Goal of the exercise
Start at the line with "X141354990Y-102636201D01*" in the records below, stop at the line with "X146693989Y-104143201D01*", and return every line in that span exactly, the two end lines included.
—————
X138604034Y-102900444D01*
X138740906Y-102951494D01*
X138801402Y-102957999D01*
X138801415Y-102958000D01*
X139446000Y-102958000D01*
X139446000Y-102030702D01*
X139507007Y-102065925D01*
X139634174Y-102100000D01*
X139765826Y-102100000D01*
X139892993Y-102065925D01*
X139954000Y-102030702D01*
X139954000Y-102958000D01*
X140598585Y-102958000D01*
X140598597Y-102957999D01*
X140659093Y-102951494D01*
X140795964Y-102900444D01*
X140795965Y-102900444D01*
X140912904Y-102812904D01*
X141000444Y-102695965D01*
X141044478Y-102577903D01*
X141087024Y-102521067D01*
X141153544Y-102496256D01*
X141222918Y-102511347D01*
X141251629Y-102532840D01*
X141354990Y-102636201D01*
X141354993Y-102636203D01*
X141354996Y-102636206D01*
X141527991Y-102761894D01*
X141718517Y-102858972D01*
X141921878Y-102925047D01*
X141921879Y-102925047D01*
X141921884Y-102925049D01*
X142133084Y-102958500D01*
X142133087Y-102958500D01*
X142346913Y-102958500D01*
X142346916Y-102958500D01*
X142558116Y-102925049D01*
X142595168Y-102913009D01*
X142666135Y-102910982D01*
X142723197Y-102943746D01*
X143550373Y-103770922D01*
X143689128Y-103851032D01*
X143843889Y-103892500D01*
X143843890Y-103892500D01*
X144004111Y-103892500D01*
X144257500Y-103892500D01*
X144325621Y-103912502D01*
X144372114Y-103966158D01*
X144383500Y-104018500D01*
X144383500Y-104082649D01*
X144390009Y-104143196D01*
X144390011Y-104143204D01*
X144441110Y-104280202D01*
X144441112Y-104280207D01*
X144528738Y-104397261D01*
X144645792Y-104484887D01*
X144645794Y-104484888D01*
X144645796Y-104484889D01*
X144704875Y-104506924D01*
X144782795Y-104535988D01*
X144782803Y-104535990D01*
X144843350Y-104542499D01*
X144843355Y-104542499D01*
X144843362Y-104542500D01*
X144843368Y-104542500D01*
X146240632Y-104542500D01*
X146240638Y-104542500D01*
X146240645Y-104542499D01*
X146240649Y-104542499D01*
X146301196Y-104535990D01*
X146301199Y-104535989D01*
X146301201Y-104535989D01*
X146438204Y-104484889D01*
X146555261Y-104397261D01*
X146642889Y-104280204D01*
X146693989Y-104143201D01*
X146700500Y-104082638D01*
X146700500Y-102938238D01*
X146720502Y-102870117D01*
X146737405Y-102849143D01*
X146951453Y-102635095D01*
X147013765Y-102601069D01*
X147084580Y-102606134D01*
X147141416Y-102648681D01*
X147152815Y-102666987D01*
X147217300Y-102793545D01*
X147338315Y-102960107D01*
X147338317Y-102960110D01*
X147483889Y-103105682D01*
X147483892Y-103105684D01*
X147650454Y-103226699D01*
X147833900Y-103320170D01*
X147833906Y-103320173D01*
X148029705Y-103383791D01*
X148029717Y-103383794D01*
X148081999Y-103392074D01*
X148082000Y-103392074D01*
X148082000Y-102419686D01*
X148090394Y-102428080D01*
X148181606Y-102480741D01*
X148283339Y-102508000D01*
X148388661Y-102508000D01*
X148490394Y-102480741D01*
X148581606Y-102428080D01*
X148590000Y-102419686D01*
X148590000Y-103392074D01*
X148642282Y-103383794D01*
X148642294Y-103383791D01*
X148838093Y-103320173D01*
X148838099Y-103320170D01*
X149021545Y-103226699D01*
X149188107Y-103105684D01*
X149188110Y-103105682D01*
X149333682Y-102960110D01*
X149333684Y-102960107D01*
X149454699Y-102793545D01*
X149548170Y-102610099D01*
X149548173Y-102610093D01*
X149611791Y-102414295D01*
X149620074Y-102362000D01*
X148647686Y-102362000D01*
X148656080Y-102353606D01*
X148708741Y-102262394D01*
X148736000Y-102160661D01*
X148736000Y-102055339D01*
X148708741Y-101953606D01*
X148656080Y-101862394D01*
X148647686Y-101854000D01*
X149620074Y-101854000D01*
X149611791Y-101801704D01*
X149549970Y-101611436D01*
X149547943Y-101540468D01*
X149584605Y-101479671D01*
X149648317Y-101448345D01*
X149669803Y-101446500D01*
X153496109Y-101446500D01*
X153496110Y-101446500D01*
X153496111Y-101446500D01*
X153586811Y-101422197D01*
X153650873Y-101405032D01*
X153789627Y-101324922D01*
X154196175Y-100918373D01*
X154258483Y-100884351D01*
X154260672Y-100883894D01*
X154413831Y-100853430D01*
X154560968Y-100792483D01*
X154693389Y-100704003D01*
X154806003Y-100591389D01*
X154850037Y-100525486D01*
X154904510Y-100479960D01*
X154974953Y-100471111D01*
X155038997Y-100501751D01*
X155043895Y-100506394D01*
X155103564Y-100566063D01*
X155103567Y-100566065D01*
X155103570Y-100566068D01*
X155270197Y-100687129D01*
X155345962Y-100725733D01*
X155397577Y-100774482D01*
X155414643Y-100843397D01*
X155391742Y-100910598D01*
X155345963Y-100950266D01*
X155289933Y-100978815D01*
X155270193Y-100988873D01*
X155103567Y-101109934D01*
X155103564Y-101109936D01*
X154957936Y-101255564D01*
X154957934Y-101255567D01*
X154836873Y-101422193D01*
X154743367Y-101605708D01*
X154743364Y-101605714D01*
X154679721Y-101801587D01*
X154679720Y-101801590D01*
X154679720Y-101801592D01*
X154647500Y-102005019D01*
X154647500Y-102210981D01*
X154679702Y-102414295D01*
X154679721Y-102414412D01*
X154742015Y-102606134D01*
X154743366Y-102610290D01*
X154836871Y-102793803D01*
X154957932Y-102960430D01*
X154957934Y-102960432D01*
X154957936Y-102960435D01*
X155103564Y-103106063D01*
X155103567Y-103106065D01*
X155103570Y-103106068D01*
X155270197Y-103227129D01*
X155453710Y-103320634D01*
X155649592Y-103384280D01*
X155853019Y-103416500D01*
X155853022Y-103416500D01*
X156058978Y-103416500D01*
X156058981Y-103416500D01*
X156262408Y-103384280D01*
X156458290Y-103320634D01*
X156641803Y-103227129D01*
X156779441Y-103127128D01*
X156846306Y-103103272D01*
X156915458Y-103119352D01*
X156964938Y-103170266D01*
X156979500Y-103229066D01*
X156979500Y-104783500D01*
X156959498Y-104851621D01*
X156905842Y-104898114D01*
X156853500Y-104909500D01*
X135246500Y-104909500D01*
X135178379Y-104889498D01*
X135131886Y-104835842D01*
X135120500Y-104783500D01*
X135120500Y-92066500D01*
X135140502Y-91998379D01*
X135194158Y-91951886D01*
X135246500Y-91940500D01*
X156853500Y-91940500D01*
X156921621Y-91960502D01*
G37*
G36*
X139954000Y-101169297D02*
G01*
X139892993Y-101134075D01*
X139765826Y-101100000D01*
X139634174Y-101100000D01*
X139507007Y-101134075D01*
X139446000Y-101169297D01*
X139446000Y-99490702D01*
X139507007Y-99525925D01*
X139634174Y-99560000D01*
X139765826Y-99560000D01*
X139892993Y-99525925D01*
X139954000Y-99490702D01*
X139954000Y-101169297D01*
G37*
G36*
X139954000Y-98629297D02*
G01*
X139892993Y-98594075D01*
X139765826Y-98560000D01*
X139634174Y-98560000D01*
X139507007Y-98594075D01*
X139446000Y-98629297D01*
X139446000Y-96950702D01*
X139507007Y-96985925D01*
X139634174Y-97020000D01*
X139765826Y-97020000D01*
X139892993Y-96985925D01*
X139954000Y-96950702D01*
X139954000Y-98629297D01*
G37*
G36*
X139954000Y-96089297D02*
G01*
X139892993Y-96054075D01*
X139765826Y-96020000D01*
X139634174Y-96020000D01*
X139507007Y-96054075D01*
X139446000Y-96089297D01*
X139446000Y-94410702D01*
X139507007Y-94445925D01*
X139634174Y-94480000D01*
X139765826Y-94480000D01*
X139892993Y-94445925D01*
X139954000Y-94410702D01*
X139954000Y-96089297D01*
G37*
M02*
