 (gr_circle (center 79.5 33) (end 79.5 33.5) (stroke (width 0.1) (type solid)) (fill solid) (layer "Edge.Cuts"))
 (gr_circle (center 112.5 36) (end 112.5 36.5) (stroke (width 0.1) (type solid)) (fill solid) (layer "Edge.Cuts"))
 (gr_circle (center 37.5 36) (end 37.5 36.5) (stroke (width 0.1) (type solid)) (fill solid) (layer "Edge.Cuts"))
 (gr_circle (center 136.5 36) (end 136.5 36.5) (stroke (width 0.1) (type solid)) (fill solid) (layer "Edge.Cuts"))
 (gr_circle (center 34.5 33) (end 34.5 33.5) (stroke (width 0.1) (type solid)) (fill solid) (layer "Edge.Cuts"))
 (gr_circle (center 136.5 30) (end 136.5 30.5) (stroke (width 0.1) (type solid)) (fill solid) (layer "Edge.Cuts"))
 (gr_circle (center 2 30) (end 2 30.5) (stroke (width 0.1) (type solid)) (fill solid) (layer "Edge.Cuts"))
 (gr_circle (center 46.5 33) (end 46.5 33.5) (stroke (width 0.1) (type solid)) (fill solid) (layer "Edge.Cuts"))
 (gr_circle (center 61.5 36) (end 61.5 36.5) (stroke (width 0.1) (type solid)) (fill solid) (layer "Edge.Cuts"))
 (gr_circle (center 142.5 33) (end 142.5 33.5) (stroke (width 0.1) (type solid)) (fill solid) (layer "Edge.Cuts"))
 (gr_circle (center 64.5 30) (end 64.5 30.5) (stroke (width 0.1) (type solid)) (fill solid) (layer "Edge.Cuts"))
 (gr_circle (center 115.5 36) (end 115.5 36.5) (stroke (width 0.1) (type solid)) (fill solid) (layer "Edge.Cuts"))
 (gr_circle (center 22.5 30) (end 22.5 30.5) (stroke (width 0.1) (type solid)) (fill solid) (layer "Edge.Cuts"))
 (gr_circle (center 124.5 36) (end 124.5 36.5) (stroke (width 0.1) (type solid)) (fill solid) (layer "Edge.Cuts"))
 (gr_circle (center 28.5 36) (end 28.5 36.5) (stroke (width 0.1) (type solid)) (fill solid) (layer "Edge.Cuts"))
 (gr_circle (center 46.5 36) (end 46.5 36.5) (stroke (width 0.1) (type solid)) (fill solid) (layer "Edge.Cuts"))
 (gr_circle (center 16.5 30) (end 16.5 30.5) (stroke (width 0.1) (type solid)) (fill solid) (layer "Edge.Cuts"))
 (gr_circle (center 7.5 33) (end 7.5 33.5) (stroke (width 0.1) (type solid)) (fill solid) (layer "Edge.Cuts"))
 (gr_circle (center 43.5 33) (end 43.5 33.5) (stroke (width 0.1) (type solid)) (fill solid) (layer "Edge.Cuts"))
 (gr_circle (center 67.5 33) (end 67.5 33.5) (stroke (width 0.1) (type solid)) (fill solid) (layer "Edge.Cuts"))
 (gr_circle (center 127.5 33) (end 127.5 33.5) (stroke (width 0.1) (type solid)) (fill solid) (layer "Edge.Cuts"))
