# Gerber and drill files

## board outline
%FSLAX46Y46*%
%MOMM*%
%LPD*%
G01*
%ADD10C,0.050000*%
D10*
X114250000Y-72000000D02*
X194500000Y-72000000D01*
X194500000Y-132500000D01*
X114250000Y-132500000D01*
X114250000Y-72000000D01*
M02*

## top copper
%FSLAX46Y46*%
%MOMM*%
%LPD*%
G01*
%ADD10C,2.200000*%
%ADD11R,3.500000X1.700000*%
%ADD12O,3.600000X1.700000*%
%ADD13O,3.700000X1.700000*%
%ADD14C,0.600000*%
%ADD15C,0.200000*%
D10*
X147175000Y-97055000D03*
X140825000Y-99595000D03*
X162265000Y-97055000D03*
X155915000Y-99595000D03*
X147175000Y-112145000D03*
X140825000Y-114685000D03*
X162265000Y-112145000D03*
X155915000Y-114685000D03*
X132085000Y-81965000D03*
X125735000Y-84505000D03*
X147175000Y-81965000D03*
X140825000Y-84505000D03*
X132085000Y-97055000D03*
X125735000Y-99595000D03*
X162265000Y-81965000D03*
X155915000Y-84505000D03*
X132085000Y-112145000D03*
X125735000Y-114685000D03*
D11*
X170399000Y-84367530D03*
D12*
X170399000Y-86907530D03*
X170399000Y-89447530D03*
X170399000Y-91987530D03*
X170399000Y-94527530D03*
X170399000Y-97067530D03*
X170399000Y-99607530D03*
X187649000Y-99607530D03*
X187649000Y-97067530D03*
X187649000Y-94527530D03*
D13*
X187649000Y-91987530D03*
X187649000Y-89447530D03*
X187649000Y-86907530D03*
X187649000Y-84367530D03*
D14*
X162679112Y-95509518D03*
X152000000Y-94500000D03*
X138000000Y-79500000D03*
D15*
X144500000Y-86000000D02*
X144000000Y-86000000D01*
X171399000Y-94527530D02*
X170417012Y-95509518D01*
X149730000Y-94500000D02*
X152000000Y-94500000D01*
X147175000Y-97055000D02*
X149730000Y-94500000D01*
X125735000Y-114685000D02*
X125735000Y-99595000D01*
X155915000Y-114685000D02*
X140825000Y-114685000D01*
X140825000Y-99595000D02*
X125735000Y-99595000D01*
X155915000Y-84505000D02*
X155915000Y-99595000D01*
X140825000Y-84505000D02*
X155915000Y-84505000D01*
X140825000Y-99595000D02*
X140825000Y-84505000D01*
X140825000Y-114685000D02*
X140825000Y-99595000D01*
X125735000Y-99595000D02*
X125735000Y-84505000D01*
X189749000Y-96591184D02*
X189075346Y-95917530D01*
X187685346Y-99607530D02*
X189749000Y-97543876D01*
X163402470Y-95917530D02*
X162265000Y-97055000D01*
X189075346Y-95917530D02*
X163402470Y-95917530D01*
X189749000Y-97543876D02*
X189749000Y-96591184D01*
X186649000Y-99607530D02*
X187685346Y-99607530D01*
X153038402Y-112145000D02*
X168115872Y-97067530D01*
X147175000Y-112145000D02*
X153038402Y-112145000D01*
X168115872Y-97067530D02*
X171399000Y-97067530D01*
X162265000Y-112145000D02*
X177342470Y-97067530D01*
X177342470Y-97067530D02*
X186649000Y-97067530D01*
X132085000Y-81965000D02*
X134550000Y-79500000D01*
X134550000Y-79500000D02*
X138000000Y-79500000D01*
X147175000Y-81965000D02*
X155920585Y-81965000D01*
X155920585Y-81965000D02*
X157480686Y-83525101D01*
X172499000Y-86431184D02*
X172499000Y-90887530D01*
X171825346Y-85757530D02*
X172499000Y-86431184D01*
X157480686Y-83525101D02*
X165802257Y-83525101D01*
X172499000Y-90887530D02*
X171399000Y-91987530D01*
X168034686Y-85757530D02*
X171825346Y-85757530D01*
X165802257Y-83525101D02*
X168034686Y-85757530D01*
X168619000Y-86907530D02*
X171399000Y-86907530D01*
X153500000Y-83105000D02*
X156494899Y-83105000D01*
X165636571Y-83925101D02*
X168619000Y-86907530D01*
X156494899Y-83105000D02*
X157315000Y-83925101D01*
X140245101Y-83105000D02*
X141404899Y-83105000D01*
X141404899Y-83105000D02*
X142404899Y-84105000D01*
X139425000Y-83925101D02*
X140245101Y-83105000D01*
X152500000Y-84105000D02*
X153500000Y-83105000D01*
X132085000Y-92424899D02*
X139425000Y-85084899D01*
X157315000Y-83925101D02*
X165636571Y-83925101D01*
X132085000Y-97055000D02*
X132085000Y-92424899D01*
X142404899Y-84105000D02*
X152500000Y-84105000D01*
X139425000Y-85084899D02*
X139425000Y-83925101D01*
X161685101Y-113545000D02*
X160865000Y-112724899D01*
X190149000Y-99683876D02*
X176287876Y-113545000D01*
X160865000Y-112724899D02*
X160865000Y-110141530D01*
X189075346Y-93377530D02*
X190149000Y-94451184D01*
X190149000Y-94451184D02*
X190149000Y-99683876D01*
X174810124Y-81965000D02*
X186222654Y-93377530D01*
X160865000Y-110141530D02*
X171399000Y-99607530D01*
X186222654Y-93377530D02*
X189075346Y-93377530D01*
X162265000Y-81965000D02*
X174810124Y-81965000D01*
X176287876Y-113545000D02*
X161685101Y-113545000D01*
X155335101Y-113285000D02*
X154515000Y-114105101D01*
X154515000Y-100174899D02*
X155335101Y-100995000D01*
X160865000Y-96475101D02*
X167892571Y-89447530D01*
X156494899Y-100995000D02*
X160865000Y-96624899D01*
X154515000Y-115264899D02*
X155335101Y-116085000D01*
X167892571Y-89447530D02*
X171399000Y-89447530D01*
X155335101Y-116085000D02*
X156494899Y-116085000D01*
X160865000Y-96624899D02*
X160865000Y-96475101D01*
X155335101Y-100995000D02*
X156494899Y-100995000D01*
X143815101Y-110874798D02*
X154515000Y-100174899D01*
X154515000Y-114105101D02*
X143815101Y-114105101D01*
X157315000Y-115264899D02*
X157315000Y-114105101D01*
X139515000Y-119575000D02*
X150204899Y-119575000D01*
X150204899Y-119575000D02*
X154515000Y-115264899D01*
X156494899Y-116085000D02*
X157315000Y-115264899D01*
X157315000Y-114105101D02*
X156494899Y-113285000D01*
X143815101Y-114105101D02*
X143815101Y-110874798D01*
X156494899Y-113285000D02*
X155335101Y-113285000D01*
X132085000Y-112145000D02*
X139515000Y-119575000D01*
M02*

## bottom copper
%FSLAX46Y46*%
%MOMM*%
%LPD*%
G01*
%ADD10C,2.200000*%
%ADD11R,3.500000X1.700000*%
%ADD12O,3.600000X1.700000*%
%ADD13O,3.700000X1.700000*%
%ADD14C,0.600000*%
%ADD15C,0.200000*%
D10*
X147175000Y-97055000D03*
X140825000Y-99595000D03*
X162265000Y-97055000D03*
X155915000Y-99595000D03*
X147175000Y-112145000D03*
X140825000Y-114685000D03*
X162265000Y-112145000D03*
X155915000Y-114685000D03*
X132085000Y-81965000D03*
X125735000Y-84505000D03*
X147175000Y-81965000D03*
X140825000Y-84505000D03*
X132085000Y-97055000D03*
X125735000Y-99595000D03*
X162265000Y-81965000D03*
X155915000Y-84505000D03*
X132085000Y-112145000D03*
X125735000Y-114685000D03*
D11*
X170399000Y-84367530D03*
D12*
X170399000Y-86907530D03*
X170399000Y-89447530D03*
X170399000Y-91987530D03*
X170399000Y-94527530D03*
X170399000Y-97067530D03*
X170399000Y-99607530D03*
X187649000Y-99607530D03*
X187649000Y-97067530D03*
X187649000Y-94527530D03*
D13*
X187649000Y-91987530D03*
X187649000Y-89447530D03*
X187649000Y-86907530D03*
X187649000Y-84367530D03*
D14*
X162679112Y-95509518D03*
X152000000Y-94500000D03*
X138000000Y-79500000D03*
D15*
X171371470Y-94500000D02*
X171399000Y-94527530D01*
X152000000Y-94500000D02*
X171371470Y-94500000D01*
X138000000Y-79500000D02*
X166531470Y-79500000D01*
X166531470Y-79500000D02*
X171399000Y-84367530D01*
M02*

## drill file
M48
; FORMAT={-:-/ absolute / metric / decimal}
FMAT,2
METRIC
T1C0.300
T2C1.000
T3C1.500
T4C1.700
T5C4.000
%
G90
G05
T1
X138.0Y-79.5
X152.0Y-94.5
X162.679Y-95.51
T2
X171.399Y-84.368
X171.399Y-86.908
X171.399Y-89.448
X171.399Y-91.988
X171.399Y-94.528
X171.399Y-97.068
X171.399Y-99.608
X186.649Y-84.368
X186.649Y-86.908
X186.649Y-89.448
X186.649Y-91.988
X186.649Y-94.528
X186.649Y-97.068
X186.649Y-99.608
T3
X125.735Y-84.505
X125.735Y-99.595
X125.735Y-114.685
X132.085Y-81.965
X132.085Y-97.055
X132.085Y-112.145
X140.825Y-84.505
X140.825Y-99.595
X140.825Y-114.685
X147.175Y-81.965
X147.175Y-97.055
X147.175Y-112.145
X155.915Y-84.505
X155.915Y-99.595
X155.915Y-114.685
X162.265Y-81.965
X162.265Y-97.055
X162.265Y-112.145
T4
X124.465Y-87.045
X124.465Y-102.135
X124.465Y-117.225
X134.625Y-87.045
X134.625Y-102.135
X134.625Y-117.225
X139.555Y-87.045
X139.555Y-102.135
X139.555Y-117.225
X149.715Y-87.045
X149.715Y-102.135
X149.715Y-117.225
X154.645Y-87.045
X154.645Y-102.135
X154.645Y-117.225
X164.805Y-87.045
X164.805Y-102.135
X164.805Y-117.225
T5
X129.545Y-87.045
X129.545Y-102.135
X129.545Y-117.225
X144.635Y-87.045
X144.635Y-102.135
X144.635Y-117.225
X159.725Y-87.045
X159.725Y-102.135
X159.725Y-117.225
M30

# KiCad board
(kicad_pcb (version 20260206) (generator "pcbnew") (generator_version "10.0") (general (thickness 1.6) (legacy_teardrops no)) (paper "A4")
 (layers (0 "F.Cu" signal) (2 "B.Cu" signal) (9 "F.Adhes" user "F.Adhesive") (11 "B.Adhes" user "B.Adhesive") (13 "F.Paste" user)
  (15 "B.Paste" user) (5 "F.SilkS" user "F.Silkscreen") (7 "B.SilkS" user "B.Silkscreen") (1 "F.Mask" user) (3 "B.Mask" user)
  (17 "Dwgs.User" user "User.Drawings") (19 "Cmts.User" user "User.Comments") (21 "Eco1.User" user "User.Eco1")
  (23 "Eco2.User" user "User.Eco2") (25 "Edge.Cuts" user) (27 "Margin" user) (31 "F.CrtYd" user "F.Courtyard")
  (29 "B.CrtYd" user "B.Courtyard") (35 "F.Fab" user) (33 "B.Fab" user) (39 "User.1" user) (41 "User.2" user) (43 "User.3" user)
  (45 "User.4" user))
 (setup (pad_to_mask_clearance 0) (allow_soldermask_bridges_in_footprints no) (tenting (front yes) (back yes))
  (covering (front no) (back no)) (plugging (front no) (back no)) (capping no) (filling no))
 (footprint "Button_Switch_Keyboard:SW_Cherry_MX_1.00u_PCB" (layer "F.Cu") (at 147.175 97.055)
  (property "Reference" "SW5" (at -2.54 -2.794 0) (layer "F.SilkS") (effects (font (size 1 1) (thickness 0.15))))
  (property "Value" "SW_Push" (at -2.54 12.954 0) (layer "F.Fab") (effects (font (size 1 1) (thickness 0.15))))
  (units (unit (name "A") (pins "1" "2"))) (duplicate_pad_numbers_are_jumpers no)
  (pad "" np_thru_hole circle (at -7.62 5.08) (size 1.7 1.7) (drill 1.7) (layers "*.Cu" "*.Mask"))
  (pad "" np_thru_hole circle (at -2.54 5.08) (size 4 4) (drill 4) (layers "*.Cu" "*.Mask"))
  (pad "" np_thru_hole circle (at 2.54 5.08) (size 1.7 1.7) (drill 1.7) (layers "*.Cu" "*.Mask"))
  (pad "1" thru_hole circle (at 0 0) (size 2.2 2.2) (drill 1.5) (layers "*.Cu" "*.Mask") (remove_unused_layers no)
   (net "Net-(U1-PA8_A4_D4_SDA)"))
  (pad "2" thru_hole circle (at -6.35 2.54) (size 2.2 2.2) (drill 1.5) (layers "*.Cu" "*.Mask") (remove_unused_layers no)
   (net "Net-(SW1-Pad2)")))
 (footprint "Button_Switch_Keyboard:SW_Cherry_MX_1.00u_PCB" (layer "F.Cu") (at 162.265 97.055)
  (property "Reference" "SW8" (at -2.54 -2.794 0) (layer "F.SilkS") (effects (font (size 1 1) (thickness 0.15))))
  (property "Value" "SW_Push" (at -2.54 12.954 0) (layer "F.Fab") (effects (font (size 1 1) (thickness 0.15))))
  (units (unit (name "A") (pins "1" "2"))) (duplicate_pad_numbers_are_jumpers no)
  (pad "" np_thru_hole circle (at -7.62 5.08) (size 1.7 1.7) (drill 1.7) (layers "*.Cu" "*.Mask"))
  (pad "" np_thru_hole circle (at -2.54 5.08) (size 4 4) (drill 4) (layers "*.Cu" "*.Mask"))
  (pad "" np_thru_hole circle (at 2.54 5.08) (size 1.7 1.7) (drill 1.7) (layers "*.Cu" "*.Mask"))
  (pad "1" thru_hole circle (at 0 0) (size 2.2 2.2) (drill 1.5) (layers "*.Cu" "*.Mask") (remove_unused_layers no)
   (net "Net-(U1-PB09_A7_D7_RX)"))
  (pad "2" thru_hole circle (at -6.35 2.54) (size 2.2 2.2) (drill 1.5) (layers "*.Cu" "*.Mask") (remove_unused_layers no)
   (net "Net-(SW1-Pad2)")))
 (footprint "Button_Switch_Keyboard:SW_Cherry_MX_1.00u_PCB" (layer "F.Cu") (at 147.175 112.145)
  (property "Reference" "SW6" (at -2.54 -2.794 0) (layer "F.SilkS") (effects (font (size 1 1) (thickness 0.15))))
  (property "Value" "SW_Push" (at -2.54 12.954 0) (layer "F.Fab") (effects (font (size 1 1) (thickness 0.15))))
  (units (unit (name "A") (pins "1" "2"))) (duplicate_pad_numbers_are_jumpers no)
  (pad "" np_thru_hole circle (at -7.62 5.08) (size 1.7 1.7) (drill 1.7) (layers "*.Cu" "*.Mask"))
  (pad "" np_thru_hole circle (at -2.54 5.08) (size 4 4) (drill 4) (layers "*.Cu" "*.Mask"))
  (pad "" np_thru_hole circle (at 2.54 5.08) (size 1.7 1.7) (drill 1.7) (layers "*.Cu" "*.Mask"))
  (pad "1" thru_hole circle (at 0 0) (size 2.2 2.2) (drill 1.5) (layers "*.Cu" "*.Mask") (remove_unused_layers no)
   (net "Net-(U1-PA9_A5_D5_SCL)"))
  (pad "2" thru_hole circle (at -6.35 2.54) (size 2.2 2.2) (drill 1.5) (layers "*.Cu" "*.Mask") (remove_unused_layers no)
   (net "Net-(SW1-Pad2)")))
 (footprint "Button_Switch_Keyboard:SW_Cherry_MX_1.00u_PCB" (layer "F.Cu") (at 162.265 112.145)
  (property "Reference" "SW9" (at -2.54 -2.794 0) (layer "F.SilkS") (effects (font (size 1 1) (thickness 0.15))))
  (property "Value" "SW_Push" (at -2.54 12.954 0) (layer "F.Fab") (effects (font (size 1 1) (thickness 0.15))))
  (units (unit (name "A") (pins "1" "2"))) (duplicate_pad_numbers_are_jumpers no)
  (pad "" np_thru_hole circle (at -7.62 5.08) (size 1.7 1.7) (drill 1.7) (layers "*.Cu" "*.Mask"))
  (pad "" np_thru_hole circle (at -2.54 5.08) (size 4 4) (drill 4) (layers "*.Cu" "*.Mask"))
  (pad "" np_thru_hole circle (at 2.54 5.08) (size 1.7 1.7) (drill 1.7) (layers "*.Cu" "*.Mask"))
  (pad "1" thru_hole circle (at 0 0) (size 2.2 2.2) (drill 1.5) (layers "*.Cu" "*.Mask") (remove_unused_layers no)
—————
Solution for this problem
X141354990Y-102636201D01*
X141354993Y-102636203D01*
X141354996Y-102636206D01*
X141527991Y-102761894D01*
X141718517Y-102858972D01*
X141921878Y-102925047D01*
X141921879Y-102925047D01*
X141921884Y-102925049D01*
X142133084Y-102958500D01*
X142133087Y-102958500D01*
X142346913Y-102958500D01*
X142346916Y-102958500D01*
X142558116Y-102925049D01*
X142595168Y-102913009D01*
X142666135Y-102910982D01*
X142723197Y-102943746D01*
X143550373Y-103770922D01*
X143689128Y-103851032D01*
X143843889Y-103892500D01*
X143843890Y-103892500D01*
X144004111Y-103892500D01*
X144257500Y-103892500D01*
X144325621Y-103912502D01*
X144372114Y-103966158D01*
X144383500Y-104018500D01*
X144383500Y-104082649D01*
X144390009Y-104143196D01*
X144390011Y-104143204D01*
X144441110Y-104280202D01*
X144441112Y-104280207D01*
X144528738Y-104397261D01*
X144645792Y-104484887D01*
X144645794Y-104484888D01*
X144645796Y-104484889D01*
X144704875Y-104506924D01*
X144782795Y-104535988D01*
X144782803Y-104535990D01*
X144843350Y-104542499D01*
X144843355Y-104542499D01*
X144843362Y-104542500D01*
X144843368Y-104542500D01*
X146240632Y-104542500D01*
X146240638Y-104542500D01*
X146240645Y-104542499D01*
X146240649Y-104542499D01*
X146301196Y-104535990D01*
X146301199Y-104535989D01*
X146301201Y-104535989D01*
X146438204Y-104484889D01*
X146555261Y-104397261D01*
X146642889Y-104280204D01*
X146693989Y-104143201D01*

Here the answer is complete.